**EXERCISE DETAILS**: What you return must be an exact copy of the lines in the listing below between the line holding "(segment (start 88.56" and the line holding "(segment (start 84.9992 97.2846)", inclusive, and nothing more.

**DATA SUPPLIED**:
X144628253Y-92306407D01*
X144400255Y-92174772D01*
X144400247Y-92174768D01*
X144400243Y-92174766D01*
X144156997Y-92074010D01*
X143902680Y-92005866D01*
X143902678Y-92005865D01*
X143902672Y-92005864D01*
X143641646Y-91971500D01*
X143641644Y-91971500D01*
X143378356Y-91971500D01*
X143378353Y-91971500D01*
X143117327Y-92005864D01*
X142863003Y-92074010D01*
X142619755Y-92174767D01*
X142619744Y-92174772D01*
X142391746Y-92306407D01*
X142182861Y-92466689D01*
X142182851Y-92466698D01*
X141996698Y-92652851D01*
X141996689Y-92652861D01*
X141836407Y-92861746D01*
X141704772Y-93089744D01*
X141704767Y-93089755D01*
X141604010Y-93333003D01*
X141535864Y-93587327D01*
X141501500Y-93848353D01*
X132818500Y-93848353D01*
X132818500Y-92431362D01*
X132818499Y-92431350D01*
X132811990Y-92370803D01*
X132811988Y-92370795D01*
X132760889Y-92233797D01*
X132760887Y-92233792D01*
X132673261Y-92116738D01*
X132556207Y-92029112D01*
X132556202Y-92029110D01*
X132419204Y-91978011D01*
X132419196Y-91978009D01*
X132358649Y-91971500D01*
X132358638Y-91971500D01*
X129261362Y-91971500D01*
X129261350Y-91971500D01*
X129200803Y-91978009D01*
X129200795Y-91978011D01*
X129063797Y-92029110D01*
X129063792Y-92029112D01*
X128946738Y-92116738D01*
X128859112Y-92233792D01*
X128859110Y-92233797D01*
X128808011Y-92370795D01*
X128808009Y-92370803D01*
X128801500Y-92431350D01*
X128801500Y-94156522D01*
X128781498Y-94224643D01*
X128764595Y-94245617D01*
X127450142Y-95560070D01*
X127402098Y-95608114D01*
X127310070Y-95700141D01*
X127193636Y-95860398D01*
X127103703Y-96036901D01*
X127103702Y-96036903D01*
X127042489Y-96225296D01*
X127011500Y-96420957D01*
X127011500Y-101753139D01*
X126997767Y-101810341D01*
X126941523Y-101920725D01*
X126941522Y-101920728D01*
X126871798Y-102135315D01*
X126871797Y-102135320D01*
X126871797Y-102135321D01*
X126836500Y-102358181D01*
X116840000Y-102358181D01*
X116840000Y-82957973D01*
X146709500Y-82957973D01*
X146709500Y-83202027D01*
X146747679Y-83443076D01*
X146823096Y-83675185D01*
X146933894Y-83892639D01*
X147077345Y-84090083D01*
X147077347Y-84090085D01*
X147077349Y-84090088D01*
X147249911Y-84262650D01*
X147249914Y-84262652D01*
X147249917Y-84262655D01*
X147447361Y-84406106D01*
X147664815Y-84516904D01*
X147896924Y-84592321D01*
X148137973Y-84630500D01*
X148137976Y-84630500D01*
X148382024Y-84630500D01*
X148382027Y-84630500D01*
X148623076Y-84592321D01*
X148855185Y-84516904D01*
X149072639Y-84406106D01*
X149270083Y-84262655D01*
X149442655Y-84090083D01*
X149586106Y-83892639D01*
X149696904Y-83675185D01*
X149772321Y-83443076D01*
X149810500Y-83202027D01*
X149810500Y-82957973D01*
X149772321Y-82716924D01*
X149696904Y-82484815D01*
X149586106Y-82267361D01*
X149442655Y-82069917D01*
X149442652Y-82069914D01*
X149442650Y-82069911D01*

...

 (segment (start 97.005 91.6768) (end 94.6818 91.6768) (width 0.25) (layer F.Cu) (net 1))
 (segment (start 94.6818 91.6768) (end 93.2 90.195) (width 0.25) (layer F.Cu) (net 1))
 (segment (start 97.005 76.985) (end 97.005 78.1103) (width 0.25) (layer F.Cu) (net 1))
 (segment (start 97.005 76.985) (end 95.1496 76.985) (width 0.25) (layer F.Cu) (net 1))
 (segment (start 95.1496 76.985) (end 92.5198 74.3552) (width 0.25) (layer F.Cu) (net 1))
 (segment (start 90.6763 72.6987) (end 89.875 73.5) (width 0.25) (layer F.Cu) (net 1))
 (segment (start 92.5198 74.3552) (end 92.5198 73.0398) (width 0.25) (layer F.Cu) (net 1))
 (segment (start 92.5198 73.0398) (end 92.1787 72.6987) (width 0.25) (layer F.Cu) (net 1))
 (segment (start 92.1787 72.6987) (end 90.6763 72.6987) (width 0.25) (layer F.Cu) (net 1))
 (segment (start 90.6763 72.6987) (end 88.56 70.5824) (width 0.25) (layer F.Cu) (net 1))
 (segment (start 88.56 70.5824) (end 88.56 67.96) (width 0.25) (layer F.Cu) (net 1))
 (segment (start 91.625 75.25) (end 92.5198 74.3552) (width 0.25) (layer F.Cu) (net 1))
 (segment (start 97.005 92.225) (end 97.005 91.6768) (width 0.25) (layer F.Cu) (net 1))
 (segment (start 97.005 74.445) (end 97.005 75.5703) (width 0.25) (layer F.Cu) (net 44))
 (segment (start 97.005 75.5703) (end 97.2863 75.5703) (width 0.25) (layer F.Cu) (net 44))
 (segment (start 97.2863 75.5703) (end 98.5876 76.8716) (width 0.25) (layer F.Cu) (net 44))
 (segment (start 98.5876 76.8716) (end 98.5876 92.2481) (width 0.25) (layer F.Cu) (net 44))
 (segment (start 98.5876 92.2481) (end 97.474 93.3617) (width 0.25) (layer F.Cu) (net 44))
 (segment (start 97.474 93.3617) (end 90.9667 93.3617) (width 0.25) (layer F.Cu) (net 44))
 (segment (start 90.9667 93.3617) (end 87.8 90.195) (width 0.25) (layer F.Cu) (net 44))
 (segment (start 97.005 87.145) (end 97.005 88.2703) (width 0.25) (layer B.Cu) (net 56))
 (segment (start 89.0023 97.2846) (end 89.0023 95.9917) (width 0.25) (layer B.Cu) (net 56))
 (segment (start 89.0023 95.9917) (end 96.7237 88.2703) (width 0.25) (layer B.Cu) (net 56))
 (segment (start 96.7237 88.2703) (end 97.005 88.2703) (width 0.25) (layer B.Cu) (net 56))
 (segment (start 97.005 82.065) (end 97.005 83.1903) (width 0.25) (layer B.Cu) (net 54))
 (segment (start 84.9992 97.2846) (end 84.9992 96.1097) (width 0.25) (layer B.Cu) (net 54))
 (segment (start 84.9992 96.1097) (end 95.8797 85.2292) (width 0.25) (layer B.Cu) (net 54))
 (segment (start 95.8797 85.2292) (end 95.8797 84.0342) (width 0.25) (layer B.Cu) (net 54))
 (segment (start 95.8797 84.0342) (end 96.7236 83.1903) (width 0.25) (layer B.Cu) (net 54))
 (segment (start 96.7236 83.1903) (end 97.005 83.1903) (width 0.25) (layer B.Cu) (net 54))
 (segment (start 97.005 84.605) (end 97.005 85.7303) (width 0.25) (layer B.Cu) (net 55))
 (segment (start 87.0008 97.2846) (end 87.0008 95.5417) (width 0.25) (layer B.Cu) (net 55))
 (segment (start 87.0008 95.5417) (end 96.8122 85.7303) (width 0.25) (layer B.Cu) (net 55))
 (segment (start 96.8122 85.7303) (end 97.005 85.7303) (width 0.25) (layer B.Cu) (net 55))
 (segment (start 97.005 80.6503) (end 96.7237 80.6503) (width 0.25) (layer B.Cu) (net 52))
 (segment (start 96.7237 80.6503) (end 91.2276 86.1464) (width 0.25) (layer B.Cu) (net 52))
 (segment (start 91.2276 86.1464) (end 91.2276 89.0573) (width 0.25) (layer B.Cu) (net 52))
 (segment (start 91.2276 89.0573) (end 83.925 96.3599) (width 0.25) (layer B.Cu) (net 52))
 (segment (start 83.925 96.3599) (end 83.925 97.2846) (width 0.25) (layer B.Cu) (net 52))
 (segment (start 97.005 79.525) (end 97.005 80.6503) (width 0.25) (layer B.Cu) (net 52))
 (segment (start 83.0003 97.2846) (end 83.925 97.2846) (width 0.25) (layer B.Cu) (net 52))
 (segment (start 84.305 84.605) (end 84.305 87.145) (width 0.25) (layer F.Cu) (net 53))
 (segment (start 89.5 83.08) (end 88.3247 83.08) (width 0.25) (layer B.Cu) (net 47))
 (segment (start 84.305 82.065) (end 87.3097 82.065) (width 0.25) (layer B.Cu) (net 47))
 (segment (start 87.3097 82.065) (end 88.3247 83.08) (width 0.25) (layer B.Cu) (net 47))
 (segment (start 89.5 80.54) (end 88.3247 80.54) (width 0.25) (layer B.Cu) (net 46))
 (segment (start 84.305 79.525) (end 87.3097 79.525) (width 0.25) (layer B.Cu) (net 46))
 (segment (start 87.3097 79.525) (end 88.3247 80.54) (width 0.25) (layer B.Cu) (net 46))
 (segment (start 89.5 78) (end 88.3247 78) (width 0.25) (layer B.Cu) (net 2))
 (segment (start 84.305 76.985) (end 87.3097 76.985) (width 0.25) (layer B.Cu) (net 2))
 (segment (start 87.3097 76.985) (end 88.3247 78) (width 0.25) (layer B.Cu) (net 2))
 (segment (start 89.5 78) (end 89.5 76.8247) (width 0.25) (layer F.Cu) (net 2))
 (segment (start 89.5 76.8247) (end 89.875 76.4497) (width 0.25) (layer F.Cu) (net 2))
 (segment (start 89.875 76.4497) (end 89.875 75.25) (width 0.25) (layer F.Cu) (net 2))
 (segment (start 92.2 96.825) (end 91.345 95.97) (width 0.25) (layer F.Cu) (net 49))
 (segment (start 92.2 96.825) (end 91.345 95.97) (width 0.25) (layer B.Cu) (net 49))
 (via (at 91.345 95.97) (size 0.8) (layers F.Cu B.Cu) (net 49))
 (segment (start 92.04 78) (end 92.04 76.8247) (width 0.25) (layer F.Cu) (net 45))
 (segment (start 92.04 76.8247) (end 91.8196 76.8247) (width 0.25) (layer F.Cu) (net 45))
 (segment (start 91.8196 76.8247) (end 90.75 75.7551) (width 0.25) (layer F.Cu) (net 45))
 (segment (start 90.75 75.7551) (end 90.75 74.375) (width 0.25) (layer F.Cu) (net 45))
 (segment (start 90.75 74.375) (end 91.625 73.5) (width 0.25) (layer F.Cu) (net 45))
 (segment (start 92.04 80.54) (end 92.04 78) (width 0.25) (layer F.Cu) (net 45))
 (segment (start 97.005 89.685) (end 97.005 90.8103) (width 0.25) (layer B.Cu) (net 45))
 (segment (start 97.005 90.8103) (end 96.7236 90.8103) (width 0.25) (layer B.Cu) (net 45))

**SOLUTION TO THIS EXERCISE**:
 (segment (start 88.56 70.5824) (end 88.56 67.96) (width 0.25) (layer F.Cu) (net 1))
 (segment (start 91.625 75.25) (end 92.5198 74.3552) (width 0.25) (layer F.Cu) (net 1))
 (segment (start 97.005 92.225) (end 97.005 91.6768) (width 0.25) (layer F.Cu) (net 1))
 (segment (start 97.005 74.445) (end 97.005 75.5703) (width 0.25) (layer F.Cu) (net 44))
 (segment (start 97.005 75.5703) (end 97.2863 75.5703) (width 0.25) (layer F.Cu) (net 44))
 (segment (start 97.2863 75.5703) (end 98.5876 76.8716) (width 0.25) (layer F.Cu) (net 44))
 (segment (start 98.5876 76.8716) (end 98.5876 92.2481) (width 0.25) (layer F.Cu) (net 44))
 (segment (start 98.5876 92.2481) (end 97.474 93.3617) (width 0.25) (layer F.Cu) (net 44))
 (segment (start 97.474 93.3617) (end 90.9667 93.3617) (width 0.25) (layer F.Cu) (net 44))
 (segment (start 90.9667 93.3617) (end 87.8 90.195) (width 0.25) (layer F.Cu) (net 44))
 (segment (start 97.005 87.145) (end 97.005 88.2703) (width 0.25) (layer B.Cu) (net 56))
 (segment (start 89.0023 97.2846) (end 89.0023 95.9917) (width 0.25) (layer B.Cu) (net 56))
 (segment (start 89.0023 95.9917) (end 96.7237 88.2703) (width 0.25) (layer B.Cu) (net 56))
 (segment (start 96.7237 88.2703) (end 97.005 88.2703) (width 0.25) (layer B.Cu) (net 56))
 (segment (start 97.005 82.065) (end 97.005 83.1903) (width 0.25) (layer B.Cu) (net 54))
 (segment (start 84.9992 97.2846) (end 84.9992 96.1097) (width 0.25) (layer B.Cu) (net 54))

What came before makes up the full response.